From the records below, copy out each line that has the word "version".

+++ Data to process

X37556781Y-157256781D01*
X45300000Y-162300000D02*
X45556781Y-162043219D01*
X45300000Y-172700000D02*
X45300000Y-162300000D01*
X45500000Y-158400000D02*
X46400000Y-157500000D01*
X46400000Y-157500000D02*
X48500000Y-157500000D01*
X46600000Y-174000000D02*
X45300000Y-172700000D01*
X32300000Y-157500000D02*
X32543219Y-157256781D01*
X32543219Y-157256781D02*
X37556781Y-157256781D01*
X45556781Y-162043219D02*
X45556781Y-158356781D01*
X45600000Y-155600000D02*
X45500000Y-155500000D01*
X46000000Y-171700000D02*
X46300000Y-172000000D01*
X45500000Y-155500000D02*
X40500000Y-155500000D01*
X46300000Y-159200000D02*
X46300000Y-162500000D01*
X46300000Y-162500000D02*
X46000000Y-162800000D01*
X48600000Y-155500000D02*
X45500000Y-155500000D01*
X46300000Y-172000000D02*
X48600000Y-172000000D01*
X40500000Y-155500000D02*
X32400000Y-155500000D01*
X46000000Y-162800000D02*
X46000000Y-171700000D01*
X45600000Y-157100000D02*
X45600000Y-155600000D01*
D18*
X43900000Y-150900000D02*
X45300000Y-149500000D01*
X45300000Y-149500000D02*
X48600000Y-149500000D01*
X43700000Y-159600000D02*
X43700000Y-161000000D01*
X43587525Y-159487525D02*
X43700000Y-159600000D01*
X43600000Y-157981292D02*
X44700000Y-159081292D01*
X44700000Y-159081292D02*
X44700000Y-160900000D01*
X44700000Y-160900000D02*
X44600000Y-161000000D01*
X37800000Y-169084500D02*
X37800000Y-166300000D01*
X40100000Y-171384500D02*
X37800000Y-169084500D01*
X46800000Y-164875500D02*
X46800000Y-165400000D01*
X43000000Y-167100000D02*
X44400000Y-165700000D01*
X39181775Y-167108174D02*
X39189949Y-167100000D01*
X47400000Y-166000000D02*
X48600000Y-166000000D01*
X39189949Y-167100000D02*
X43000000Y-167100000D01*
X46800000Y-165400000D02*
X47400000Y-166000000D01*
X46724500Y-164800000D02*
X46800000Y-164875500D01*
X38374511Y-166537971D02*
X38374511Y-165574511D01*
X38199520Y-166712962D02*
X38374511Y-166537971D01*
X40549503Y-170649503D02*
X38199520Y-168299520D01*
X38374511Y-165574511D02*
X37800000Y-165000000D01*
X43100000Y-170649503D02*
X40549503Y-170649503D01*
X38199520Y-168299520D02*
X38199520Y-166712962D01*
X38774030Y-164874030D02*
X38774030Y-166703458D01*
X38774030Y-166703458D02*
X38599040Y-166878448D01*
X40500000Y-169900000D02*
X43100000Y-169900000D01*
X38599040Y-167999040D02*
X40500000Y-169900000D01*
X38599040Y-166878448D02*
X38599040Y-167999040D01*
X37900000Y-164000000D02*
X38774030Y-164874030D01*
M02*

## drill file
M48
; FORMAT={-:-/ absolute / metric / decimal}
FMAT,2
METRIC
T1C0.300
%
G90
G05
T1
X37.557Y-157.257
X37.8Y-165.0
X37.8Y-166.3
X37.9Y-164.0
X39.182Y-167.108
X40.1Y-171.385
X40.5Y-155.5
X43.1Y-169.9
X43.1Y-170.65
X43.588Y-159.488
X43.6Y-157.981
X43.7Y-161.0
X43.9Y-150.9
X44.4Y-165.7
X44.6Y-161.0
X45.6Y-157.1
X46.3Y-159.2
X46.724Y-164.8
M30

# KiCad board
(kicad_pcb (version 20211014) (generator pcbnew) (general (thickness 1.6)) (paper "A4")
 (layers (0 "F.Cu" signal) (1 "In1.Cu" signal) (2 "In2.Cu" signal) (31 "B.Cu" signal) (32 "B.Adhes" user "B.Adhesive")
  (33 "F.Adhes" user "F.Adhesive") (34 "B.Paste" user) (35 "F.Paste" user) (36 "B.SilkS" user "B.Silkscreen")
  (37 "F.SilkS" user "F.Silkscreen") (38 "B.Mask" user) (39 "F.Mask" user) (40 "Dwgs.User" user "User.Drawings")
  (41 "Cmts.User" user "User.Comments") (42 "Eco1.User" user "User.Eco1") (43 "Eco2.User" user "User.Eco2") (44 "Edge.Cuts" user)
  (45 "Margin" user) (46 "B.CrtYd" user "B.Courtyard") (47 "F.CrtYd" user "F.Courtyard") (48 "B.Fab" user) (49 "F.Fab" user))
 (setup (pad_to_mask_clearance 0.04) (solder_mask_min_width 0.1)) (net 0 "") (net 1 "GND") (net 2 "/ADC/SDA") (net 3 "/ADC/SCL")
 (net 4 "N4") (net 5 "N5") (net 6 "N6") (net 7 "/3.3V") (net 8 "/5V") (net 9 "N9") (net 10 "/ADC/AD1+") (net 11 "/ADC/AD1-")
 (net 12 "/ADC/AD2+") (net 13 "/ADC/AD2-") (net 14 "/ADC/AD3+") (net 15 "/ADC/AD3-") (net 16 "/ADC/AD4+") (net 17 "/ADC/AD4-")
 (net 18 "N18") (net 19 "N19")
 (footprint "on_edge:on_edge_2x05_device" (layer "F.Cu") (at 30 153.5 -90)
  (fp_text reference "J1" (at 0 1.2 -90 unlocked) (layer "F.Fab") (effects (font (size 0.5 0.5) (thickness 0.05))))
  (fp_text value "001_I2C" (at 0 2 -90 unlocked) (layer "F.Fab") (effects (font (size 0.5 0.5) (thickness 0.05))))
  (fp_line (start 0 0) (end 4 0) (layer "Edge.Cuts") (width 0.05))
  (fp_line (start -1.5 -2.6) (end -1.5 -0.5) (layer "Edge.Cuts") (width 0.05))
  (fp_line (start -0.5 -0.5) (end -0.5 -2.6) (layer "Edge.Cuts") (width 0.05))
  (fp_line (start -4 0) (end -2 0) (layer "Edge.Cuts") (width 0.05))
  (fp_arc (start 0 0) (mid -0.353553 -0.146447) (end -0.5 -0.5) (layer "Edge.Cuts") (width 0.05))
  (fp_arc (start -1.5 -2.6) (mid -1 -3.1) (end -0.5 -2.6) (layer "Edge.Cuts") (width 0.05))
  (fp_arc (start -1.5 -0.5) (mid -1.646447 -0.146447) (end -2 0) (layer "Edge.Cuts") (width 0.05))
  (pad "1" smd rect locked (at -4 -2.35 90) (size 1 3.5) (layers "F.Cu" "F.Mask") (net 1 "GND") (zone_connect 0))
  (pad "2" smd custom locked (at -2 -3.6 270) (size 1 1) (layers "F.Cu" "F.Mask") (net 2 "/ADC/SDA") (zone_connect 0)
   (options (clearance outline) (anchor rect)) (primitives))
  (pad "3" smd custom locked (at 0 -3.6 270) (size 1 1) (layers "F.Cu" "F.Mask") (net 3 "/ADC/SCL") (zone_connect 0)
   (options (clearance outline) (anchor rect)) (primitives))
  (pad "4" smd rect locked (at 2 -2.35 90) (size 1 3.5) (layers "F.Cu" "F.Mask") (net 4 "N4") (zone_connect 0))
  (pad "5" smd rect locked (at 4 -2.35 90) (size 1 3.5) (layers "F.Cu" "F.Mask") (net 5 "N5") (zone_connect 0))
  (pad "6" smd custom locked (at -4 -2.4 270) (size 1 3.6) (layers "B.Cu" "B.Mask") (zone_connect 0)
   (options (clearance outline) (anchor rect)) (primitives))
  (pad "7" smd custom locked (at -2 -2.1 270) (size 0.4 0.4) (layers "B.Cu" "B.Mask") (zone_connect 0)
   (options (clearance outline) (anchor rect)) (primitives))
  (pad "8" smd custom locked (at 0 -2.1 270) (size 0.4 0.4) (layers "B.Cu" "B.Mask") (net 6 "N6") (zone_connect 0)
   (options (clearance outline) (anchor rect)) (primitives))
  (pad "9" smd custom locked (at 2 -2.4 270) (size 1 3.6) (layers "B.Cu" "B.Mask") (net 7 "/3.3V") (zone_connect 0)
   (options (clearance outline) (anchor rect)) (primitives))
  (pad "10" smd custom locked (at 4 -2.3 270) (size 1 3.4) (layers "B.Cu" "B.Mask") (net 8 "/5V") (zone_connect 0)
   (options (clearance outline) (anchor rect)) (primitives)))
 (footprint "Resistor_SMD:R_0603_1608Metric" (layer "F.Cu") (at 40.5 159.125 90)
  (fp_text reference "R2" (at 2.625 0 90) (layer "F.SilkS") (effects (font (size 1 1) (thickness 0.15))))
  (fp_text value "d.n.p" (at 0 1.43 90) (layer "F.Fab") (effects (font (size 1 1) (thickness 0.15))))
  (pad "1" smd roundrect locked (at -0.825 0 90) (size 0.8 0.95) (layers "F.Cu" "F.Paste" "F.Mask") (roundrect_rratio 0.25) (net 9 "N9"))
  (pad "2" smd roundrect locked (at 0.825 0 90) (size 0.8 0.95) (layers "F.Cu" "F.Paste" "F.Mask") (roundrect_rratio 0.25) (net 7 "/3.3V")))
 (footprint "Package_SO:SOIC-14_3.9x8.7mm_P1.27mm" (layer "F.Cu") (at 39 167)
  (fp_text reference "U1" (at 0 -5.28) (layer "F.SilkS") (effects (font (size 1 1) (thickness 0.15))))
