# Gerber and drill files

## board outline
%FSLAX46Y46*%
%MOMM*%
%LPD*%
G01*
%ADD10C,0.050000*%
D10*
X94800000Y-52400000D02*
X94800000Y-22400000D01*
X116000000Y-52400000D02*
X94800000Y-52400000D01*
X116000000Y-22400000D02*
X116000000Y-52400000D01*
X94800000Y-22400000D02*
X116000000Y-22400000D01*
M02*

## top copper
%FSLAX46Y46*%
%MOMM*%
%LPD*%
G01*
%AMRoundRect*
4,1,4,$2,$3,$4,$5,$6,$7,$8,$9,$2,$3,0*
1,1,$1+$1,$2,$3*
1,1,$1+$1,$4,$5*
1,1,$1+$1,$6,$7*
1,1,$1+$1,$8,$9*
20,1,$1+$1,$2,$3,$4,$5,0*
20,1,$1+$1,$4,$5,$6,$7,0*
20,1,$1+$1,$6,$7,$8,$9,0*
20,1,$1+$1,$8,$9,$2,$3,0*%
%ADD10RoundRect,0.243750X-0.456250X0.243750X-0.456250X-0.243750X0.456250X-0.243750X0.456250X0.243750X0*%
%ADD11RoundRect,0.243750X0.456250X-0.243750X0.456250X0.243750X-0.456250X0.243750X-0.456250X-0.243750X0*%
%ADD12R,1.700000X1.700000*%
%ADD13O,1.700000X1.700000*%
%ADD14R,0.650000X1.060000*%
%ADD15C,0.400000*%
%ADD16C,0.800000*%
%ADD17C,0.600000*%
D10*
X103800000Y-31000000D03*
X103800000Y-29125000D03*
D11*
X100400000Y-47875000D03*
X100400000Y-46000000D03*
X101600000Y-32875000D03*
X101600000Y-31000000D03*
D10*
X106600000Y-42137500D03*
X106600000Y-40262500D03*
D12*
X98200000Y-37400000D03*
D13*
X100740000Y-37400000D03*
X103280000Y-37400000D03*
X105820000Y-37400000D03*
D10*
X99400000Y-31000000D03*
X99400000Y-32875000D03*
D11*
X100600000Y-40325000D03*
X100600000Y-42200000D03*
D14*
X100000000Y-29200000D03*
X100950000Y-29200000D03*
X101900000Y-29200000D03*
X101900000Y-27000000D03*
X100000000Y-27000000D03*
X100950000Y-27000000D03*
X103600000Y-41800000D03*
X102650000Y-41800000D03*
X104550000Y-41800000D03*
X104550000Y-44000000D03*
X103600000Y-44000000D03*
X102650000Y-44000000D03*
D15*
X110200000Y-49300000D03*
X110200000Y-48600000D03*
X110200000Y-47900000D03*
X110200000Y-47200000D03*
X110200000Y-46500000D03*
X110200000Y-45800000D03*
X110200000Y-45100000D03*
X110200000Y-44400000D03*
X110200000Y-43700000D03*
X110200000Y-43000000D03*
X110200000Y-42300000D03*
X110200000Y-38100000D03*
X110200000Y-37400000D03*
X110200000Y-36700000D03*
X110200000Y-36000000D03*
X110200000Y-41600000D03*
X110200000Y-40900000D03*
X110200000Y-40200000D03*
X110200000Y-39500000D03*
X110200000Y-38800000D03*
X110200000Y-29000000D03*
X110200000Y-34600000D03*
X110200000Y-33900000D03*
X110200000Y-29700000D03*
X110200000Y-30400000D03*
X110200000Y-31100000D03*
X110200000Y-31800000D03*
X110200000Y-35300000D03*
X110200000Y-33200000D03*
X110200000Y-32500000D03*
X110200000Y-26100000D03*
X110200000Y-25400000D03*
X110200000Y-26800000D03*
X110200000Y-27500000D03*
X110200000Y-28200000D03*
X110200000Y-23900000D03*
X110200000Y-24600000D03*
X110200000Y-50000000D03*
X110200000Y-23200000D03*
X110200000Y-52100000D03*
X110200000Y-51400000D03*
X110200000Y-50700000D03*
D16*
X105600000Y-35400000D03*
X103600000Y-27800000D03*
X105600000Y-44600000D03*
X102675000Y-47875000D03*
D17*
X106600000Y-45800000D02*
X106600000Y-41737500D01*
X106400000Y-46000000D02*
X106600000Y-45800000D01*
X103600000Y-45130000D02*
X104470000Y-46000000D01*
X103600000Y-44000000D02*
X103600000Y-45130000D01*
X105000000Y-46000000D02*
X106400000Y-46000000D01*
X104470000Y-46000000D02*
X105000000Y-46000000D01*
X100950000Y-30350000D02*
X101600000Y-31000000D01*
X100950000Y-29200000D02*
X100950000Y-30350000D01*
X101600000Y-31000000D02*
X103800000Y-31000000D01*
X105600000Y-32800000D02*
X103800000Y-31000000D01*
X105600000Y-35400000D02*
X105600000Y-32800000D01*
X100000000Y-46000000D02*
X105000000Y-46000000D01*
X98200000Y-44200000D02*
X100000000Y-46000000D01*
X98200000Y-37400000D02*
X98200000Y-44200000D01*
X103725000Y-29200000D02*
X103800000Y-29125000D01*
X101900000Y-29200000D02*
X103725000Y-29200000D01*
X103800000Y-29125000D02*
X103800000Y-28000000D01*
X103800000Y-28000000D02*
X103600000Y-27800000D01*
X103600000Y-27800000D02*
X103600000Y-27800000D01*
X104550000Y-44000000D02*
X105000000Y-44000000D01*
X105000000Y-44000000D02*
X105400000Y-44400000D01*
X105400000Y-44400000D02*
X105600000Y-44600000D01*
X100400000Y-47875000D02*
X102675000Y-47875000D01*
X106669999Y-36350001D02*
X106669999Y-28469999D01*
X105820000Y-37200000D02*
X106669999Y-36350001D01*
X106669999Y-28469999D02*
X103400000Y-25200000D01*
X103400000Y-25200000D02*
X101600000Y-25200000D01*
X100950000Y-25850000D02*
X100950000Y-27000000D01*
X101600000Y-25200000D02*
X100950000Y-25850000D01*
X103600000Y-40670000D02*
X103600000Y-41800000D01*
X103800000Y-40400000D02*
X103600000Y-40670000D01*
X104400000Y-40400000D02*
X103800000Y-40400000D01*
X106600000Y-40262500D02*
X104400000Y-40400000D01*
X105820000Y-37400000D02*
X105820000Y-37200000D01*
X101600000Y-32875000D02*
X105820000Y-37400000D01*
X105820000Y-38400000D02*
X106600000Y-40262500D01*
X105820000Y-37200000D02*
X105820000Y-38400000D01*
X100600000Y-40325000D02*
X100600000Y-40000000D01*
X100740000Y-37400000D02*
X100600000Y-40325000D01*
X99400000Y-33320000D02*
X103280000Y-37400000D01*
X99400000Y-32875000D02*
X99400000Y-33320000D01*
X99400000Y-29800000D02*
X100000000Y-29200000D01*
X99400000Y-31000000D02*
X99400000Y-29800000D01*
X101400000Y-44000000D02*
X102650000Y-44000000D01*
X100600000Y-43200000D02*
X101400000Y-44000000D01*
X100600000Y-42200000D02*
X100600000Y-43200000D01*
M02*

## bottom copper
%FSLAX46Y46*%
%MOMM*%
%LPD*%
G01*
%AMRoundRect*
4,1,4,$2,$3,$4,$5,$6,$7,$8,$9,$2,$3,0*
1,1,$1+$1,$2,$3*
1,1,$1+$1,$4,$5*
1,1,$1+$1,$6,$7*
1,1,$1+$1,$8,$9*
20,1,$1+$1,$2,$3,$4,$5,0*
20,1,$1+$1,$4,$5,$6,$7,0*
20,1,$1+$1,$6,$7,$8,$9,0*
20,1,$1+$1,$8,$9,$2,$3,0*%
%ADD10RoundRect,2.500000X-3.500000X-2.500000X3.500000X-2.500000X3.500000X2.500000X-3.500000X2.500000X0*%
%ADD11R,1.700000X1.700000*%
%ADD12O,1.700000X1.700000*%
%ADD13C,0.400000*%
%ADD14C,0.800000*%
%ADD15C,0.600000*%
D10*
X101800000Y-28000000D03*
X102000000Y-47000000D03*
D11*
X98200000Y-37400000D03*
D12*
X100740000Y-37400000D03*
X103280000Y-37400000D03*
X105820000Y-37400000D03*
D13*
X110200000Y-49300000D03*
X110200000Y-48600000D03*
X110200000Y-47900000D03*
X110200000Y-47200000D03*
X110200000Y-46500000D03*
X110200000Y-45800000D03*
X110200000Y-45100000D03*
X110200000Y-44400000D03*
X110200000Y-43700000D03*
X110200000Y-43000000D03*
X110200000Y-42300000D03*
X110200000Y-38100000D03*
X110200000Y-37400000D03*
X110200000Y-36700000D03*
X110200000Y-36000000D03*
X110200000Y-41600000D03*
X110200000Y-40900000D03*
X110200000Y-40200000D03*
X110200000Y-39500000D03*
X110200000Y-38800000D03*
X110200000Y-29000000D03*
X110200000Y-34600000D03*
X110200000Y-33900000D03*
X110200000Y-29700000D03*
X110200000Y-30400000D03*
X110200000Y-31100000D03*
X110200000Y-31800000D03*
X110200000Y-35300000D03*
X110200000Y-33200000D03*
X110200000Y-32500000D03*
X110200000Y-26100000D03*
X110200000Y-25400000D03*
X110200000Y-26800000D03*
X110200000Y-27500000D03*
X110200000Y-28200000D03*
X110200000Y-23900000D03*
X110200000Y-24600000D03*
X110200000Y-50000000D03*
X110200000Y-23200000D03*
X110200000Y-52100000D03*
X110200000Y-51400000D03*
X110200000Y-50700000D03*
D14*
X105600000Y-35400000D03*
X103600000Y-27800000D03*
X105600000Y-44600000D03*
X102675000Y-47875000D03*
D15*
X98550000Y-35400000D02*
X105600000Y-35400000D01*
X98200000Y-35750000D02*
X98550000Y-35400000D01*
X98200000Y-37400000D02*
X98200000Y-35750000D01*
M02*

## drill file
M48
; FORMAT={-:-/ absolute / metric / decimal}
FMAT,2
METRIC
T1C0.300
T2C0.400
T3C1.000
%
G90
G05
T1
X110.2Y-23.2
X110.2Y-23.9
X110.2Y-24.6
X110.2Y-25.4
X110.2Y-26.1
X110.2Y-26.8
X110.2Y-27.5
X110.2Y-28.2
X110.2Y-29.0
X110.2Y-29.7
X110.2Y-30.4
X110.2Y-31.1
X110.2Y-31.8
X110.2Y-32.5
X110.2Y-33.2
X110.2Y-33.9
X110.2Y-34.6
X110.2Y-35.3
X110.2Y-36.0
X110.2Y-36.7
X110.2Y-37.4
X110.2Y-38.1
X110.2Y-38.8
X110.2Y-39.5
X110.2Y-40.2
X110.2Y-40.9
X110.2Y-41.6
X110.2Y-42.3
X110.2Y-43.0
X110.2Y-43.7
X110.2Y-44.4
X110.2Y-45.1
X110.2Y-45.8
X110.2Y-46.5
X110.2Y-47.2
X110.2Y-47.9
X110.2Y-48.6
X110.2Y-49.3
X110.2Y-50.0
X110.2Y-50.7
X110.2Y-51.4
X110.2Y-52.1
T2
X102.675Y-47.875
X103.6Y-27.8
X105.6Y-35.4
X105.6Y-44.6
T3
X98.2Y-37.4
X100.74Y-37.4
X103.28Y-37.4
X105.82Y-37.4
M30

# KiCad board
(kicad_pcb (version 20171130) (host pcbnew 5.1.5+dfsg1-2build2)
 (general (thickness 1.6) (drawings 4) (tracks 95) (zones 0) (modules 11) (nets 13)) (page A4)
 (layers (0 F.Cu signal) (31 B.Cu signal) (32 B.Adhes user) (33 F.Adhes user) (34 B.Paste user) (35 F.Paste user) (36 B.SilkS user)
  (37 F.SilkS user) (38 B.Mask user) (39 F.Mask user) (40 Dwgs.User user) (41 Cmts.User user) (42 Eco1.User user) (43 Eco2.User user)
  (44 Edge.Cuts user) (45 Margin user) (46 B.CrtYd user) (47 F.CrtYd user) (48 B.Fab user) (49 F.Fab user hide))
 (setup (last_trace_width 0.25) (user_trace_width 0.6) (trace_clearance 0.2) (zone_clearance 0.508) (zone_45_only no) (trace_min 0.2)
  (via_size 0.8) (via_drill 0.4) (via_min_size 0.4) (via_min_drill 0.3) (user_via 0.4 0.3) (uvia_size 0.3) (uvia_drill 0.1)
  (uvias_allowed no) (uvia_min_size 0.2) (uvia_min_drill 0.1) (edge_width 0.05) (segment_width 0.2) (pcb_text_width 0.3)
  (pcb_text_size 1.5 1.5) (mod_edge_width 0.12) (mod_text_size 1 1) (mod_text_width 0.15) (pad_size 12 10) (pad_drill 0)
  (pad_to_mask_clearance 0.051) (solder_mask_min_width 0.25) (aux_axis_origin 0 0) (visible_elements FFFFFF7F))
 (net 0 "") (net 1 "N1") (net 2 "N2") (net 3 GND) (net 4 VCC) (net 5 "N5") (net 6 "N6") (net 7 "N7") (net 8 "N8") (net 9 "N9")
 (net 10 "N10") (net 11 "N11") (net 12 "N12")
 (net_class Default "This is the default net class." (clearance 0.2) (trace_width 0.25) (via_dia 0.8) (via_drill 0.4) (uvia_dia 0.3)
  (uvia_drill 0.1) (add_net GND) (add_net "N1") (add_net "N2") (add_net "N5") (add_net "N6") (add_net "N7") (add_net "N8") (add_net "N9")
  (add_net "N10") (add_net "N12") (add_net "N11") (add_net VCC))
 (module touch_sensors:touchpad (layer B.Cu) (at 101.8 28)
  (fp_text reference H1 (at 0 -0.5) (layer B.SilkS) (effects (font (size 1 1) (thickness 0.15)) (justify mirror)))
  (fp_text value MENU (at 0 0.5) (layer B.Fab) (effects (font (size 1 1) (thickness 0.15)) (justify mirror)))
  (pad 1 smd roundrect (at 0 0) (size 12 10) (layers B.Cu) (roundrect_rratio 0.25) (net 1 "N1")))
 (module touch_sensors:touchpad (layer B.Cu) (at 101.85 47)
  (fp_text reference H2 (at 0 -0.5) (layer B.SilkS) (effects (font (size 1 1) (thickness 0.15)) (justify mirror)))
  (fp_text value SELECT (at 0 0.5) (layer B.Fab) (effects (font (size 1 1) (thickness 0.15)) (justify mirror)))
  (pad 1 smd roundrect (at 0.15 0) (size 12 10) (layers B.Cu) (roundrect_rratio 0.25) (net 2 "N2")))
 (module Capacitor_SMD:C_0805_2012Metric (layer F.Cu) (at 103.8 30.0625 270)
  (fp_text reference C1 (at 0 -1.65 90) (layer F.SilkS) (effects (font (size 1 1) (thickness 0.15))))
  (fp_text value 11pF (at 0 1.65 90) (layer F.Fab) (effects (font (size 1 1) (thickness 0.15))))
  (pad 2 smd roundrect (at 0.9375 0 270) (size 0.975 1.4) (layers F.Cu F.Paste F.Mask) (roundrect_rratio 0.25) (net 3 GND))
  (pad 1 smd roundrect (at -0.9375 0 270) (size 0.975 1.4) (layers F.Cu F.Paste F.Mask) (roundrect_rratio 0.25) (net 1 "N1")))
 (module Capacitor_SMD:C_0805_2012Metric (layer F.Cu) (at 100.4 46.9375 90)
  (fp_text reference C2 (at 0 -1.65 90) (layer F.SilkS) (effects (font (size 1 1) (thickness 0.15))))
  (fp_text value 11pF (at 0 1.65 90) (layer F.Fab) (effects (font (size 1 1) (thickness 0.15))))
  (pad 1 smd roundrect (at -0.9375 0 90) (size 0.975 1.4) (layers F.Cu F.Paste F.Mask) (roundrect_rratio 0.25) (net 2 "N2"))
  (pad 2 smd roundrect (at 0.9375 0 90) (size 0.975 1.4) (layers F.Cu F.Paste F.Mask) (roundrect_rratio 0.25) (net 3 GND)))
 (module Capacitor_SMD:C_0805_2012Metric (layer F.Cu) (at 101.6 31.9375 90)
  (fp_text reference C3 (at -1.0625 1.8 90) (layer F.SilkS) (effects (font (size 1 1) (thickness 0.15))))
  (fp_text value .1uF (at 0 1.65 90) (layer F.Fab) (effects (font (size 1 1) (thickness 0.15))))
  (pad 1 smd roundrect (at -0.9375 0 90) (size 0.975 1.4) (layers F.Cu F.Paste F.Mask) (roundrect_rratio 0.25) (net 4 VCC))
  (pad 2 smd roundrect (at 0.9375 0 90) (size 0.975 1.4) (layers F.Cu F.Paste F.Mask) (roundrect_rratio 0.25) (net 3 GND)))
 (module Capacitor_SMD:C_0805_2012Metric (layer F.Cu) (at 106.6 41.2 270)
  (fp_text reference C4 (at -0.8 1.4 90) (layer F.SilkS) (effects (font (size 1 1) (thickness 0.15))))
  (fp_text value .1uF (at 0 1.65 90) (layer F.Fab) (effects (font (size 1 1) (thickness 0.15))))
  (pad 2 smd roundrect (at 0.9375 0 270) (size 0.975 1.4) (layers F.Cu F.Paste F.Mask) (roundrect_rratio 0.25) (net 3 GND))
  (pad 1 smd roundrect (at -0.9375 0 270) (size 0.975 1.4) (layers F.Cu F.Paste F.Mask) (roundrect_rratio 0.25) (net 4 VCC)))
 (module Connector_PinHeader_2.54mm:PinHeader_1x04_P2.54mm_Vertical (layer F.Cu) (at 98.2 37.4 90)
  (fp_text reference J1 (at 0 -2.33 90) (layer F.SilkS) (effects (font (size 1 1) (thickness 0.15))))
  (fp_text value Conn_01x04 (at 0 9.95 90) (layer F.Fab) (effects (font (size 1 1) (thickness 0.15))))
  (pad 1 thru_hole rect (at 0 0 90) (size 1.7 1.7) (drill 1) (layers *.Cu *.Mask) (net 3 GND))
  (pad 2 thru_hole oval (at 0 2.54 90) (size 1.7 1.7) (drill 1) (layers *.Cu *.Mask) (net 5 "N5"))
  (pad 3 thru_hole oval (at 0 5.08 90) (size 1.7 1.7) (drill 1) (layers *.Cu *.Mask) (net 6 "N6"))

++++++

▸ Output for this task
(kicad_pcb (version 20211014) (generator pcbnew) (general (thickness 1.6)) (paper "A4")
(kicad_pcb (version 20171130) (host pcbnew 5.1.5+dfsg1-2build2)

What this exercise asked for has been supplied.